(Saved entries)
------------------------
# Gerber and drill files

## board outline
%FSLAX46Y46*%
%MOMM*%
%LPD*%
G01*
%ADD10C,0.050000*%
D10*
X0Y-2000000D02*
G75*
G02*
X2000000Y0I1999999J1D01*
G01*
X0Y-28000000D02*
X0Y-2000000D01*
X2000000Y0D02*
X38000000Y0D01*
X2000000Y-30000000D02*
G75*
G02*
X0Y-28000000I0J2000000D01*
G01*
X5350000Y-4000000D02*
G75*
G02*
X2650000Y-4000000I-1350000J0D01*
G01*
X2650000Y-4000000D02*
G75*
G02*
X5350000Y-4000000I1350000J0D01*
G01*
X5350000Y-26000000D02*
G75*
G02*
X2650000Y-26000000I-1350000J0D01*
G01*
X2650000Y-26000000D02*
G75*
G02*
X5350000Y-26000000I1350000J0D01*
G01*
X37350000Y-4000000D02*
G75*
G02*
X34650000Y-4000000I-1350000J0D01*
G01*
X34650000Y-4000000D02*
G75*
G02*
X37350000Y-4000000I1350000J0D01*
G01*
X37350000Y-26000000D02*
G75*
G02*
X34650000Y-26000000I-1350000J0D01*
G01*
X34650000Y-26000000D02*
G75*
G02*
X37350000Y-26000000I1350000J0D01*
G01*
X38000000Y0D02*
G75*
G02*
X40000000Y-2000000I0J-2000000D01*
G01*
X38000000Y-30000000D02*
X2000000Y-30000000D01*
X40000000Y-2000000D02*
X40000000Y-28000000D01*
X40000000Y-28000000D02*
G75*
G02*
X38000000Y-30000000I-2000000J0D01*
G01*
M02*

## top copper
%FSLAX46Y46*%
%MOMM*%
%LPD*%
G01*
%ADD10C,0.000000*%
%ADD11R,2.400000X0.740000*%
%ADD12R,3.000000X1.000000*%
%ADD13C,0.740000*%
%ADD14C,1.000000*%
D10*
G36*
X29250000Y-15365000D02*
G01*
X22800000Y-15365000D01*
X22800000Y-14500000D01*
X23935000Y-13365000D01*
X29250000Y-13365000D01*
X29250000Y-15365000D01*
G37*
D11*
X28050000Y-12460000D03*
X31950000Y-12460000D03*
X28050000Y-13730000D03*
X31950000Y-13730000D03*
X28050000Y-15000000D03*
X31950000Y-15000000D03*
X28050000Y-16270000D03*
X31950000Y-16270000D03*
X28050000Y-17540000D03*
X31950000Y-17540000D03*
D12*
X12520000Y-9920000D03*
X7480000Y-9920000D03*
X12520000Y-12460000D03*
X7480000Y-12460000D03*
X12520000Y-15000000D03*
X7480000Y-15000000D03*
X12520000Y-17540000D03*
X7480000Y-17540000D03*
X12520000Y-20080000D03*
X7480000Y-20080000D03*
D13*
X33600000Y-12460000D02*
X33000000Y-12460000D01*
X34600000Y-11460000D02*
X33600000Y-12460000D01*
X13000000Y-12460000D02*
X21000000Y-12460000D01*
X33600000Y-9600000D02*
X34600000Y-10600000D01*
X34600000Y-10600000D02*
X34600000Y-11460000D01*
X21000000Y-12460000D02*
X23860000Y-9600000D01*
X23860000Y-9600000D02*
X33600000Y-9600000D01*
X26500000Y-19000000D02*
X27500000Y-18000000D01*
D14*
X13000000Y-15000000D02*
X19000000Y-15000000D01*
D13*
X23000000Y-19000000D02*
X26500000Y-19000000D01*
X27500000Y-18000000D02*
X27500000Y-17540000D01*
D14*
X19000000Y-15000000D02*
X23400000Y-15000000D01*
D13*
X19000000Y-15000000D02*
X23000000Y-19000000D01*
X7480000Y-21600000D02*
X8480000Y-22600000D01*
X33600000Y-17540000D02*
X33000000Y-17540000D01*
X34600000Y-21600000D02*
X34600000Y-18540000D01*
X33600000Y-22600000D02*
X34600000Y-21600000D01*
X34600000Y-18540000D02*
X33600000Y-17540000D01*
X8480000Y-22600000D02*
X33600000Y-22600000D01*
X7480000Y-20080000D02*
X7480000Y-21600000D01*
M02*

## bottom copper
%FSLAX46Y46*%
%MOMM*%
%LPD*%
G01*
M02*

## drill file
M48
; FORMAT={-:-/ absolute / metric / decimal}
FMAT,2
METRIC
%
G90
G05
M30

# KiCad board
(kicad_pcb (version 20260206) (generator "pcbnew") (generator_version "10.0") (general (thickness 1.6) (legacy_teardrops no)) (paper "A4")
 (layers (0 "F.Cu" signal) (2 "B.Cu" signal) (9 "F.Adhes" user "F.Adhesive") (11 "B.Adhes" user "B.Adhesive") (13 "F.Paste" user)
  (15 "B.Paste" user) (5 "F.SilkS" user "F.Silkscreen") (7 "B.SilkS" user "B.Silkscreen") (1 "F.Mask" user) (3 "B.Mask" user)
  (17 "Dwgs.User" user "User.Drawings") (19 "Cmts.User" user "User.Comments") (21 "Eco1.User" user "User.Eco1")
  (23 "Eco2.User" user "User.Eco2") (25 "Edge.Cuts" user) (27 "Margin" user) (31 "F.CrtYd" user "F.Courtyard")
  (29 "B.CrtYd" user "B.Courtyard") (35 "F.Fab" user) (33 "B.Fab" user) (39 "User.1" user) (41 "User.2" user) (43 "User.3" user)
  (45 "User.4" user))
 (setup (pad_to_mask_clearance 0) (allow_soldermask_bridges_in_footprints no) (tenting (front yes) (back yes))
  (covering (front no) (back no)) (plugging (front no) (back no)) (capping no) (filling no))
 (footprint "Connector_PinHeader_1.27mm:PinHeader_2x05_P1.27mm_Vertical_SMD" (layer "F.Cu") (at 30 15)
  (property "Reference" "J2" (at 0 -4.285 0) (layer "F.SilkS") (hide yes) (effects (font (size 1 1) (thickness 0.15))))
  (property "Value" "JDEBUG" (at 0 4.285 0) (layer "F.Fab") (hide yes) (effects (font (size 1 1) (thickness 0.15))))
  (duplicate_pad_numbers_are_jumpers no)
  (pad "1" smd rect (at -1.95 -2.54) (size 2.4 0.74) (layers "F.Cu" "F.Mask" "F.Paste"))
  (pad "2" smd rect (at 1.95 -2.54) (size 2.4 0.74) (layers "F.Cu" "F.Mask" "F.Paste") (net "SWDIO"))
  (pad "3" smd rect (at -1.95 -1.27) (size 2.4 0.74) (layers "F.Cu" "F.Mask" "F.Paste") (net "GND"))
  (pad "4" smd rect (at 1.95 -1.27) (size 2.4 0.74) (layers "F.Cu" "F.Mask" "F.Paste"))
  (pad "5" smd rect (at -1.95 0) (size 2.4 0.74) (layers "F.Cu" "F.Mask" "F.Paste") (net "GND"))
  (pad "6" smd rect (at 1.95 0) (size 2.4 0.74) (layers "F.Cu" "F.Mask" "F.Paste"))
  (pad "7" smd rect (at -1.95 1.27) (size 2.4 0.74) (layers "F.Cu" "F.Mask" "F.Paste"))
  (pad "8" smd rect (at 1.95 1.27) (size 2.4 0.74) (layers "F.Cu" "F.Mask" "F.Paste"))
  (pad "9" smd rect (at -1.95 2.54) (size 2.4 0.74) (layers "F.Cu" "F.Mask" "F.Paste") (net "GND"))
  (pad "10" smd rect (at 1.95 2.54) (size 2.4 0.74) (layers "F.Cu" "F.Mask" "F.Paste") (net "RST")))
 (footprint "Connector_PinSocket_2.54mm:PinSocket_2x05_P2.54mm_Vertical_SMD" (layer "F.Cu") (at 10 15)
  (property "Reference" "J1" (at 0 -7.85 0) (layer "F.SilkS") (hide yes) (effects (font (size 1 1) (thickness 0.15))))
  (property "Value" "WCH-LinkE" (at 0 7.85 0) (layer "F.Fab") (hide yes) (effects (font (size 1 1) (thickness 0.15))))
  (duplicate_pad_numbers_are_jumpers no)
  (pad "1" smd rect (at 2.52 -5.08) (size 3 1) (layers "F.Cu" "F.Mask" "F.Paste"))
  (pad "2" smd rect (at -2.52 -5.08) (size 3 1) (layers "F.Cu" "F.Mask" "F.Paste"))
  (pad "3" smd rect (at 2.52 -2.54) (size 3 1) (layers "F.Cu" "F.Mask" "F.Paste") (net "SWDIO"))
  (pad "4" smd rect (at -2.52 -2.54) (size 3 1) (layers "F.Cu" "F.Mask" "F.Paste"))
  (pad "5" smd rect (at 2.52 0) (size 3 1) (layers "F.Cu" "F.Mask" "F.Paste") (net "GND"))
  (pad "6" smd rect (at -2.52 0) (size 3 1) (layers "F.Cu" "F.Mask" "F.Paste"))
  (pad "7" smd rect (at 2.52 2.54) (size 3 1) (layers "F.Cu" "F.Mask" "F.Paste"))
  (pad "8" smd rect (at -2.52 2.54) (size 3 1) (layers "F.Cu" "F.Mask" "F.Paste"))
  (pad "9" smd rect (at 2.52 5.08) (size 3 1) (layers "F.Cu" "F.Mask" "F.Paste"))
  (pad "10" smd rect (at -2.52 5.08) (size 3 1) (layers "F.Cu" "F.Mask" "F.Paste") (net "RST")))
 (gr_poly
  (pts (xy 22.8 14.5) (xy 23.935 13.365) (xy 29.25 13.365) (xy 29.25 15.365) (xy 22.8 15.365)) (stroke (width 0) (type default)) (fill yes)
  (layer "F.Cu") (net "GND"))
 (gr_arc (start 0 2) (mid 0.585786 0.585786) (end 2 0) (stroke (width 0.05) (type default)) (layer "Edge.Cuts"))
 (gr_line (start 0 28) (end 0 2) (stroke (width 0.05) (type default)) (layer "Edge.Cuts"))
 (gr_line (start 2 0) (end 38 0) (stroke (width 0.05) (type default)) (layer "Edge.Cuts"))
 (gr_arc (start 2 30) (mid 0.585786 29.414213) (end 0 28) (stroke (width 0.05) (type default)) (layer "Edge.Cuts"))
 (gr_circle (center 4 4) (end 5.35 4) (stroke (width 0.05) (type default)) (fill no) (layer "Edge.Cuts"))
 (gr_circle (center 4 26) (end 5.35 26) (stroke (width 0.05) (type default)) (fill no) (layer "Edge.Cuts"))
 (gr_circle (center 36 4) (end 37.35 4) (stroke (width 0.05) (type default)) (fill no) (layer "Edge.Cuts"))
 (gr_circle (center 36 26) (end 37.35 26) (stroke (width 0.05) (type default)) (fill no) (layer "Edge.Cuts"))
 (gr_arc (start 38 0) (mid 39.414213 0.585786) (end 40 2) (stroke (width 0.05) (type default)) (layer "Edge.Cuts"))
 (gr_line (start 38 30) (end 2 30) (stroke (width 0.05) (type default)) (layer "Edge.Cuts"))
 (gr_line (start 40 2) (end 40 28) (stroke (width 0.05) (type default)) (layer "Edge.Cuts"))
 (gr_arc (start 40 28) (mid 39.414213 29.414213) (end 38 30) (stroke (width 0.05) (type default)) (layer "Edge.Cuts"))
 (segment (start 33.6 12.46) (end 33 12.46) (width 0.74) (layer "F.Cu") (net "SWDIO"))
 (segment (start 34.6 11.46) (end 33.6 12.46) (width 0.74) (layer "F.Cu") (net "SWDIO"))
 (segment (start 13 12.46) (end 21 12.46) (width 0.74) (layer "F.Cu") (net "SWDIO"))
 (segment (start 33.6 9.6) (end 34.6 10.6) (width 0.74) (layer "F.Cu") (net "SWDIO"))
 (segment (start 34.6 10.6) (end 34.6 11.46) (width 0.74) (layer "F.Cu") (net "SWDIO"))
 (segment (start 21 12.46) (end 23.86 9.6) (width 0.74) (layer "F.Cu") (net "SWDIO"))
 (segment (start 23.86 9.6) (end 33.6 9.6) (width 0.74) (layer "F.Cu") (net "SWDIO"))
 (segment (start 26.5 19) (end 27.5 18) (width 0.74) (layer "F.Cu") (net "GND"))
 (segment (start 13 15) (end 19 15) (width 1) (layer "F.Cu") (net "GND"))
 (segment (start 23 19) (end 26.5 19) (width 0.74) (layer "F.Cu") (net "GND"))
 (segment (start 27.5 18) (end 27.5 17.54) (width 0.74) (layer "F.Cu") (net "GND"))
 (segment (start 19 15) (end 23.4 15) (width 1) (layer "F.Cu") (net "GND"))
 (segment (start 19 15) (end 23 19) (width 0.74) (layer "F.Cu") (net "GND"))
 (segment (start 7.48 21.6) (end 8.48 22.6) (width 0.74) (layer "F.Cu") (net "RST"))
 (segment (start 33.6 17.54) (end 33 17.54) (width 0.74) (layer "F.Cu") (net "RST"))
 (segment (start 34.6 21.6) (end 34.6 18.54) (width 0.74) (layer "F.Cu") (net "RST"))
 (segment (start 33.6 22.6) (end 34.6 21.6) (width 0.74) (layer "F.Cu") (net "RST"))
 (segment (start 34.6 18.54) (end 33.6 17.54) (width 0.74) (layer "F.Cu") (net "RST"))
 (segment (start 8.48 22.6) (end 33.6 22.6) (width 0.74) (layer "F.Cu") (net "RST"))
 (segment (start 7.48 20.08) (end 7.48 21.6) (width 0.74) (layer "F.Cu") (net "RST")))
------------------------
Your answer must consist solely of the lines above between the line holding "X33600000Y-12460000D01*" and the line holding "X34600000Y-18540000D02*", inclusive, copied exactly.

**TASK SOLUTION**:
X33600000Y-12460000D01*
X13000000Y-12460000D02*
X21000000Y-12460000D01*
X33600000Y-9600000D02*
X34600000Y-10600000D01*
X34600000Y-10600000D02*
X34600000Y-11460000D01*
X21000000Y-12460000D02*
X23860000Y-9600000D01*
X23860000Y-9600000D02*
X33600000Y-9600000D01*
X26500000Y-19000000D02*
X27500000Y-18000000D01*
D14*
X13000000Y-15000000D02*
X19000000Y-15000000D01*
D13*
X23000000Y-19000000D02*
X26500000Y-19000000D01*
X27500000Y-18000000D02*
X27500000Y-17540000D01*
D14*
X19000000Y-15000000D02*
X23400000Y-15000000D01*
D13*
X19000000Y-15000000D02*
X23000000Y-19000000D01*
X7480000Y-21600000D02*
X8480000Y-22600000D01*
X33600000Y-17540000D02*
X33000000Y-17540000D01*
X34600000Y-21600000D02*
X34600000Y-18540000D01*
X33600000Y-22600000D02*
X34600000Y-21600000D01*
X34600000Y-18540000D02*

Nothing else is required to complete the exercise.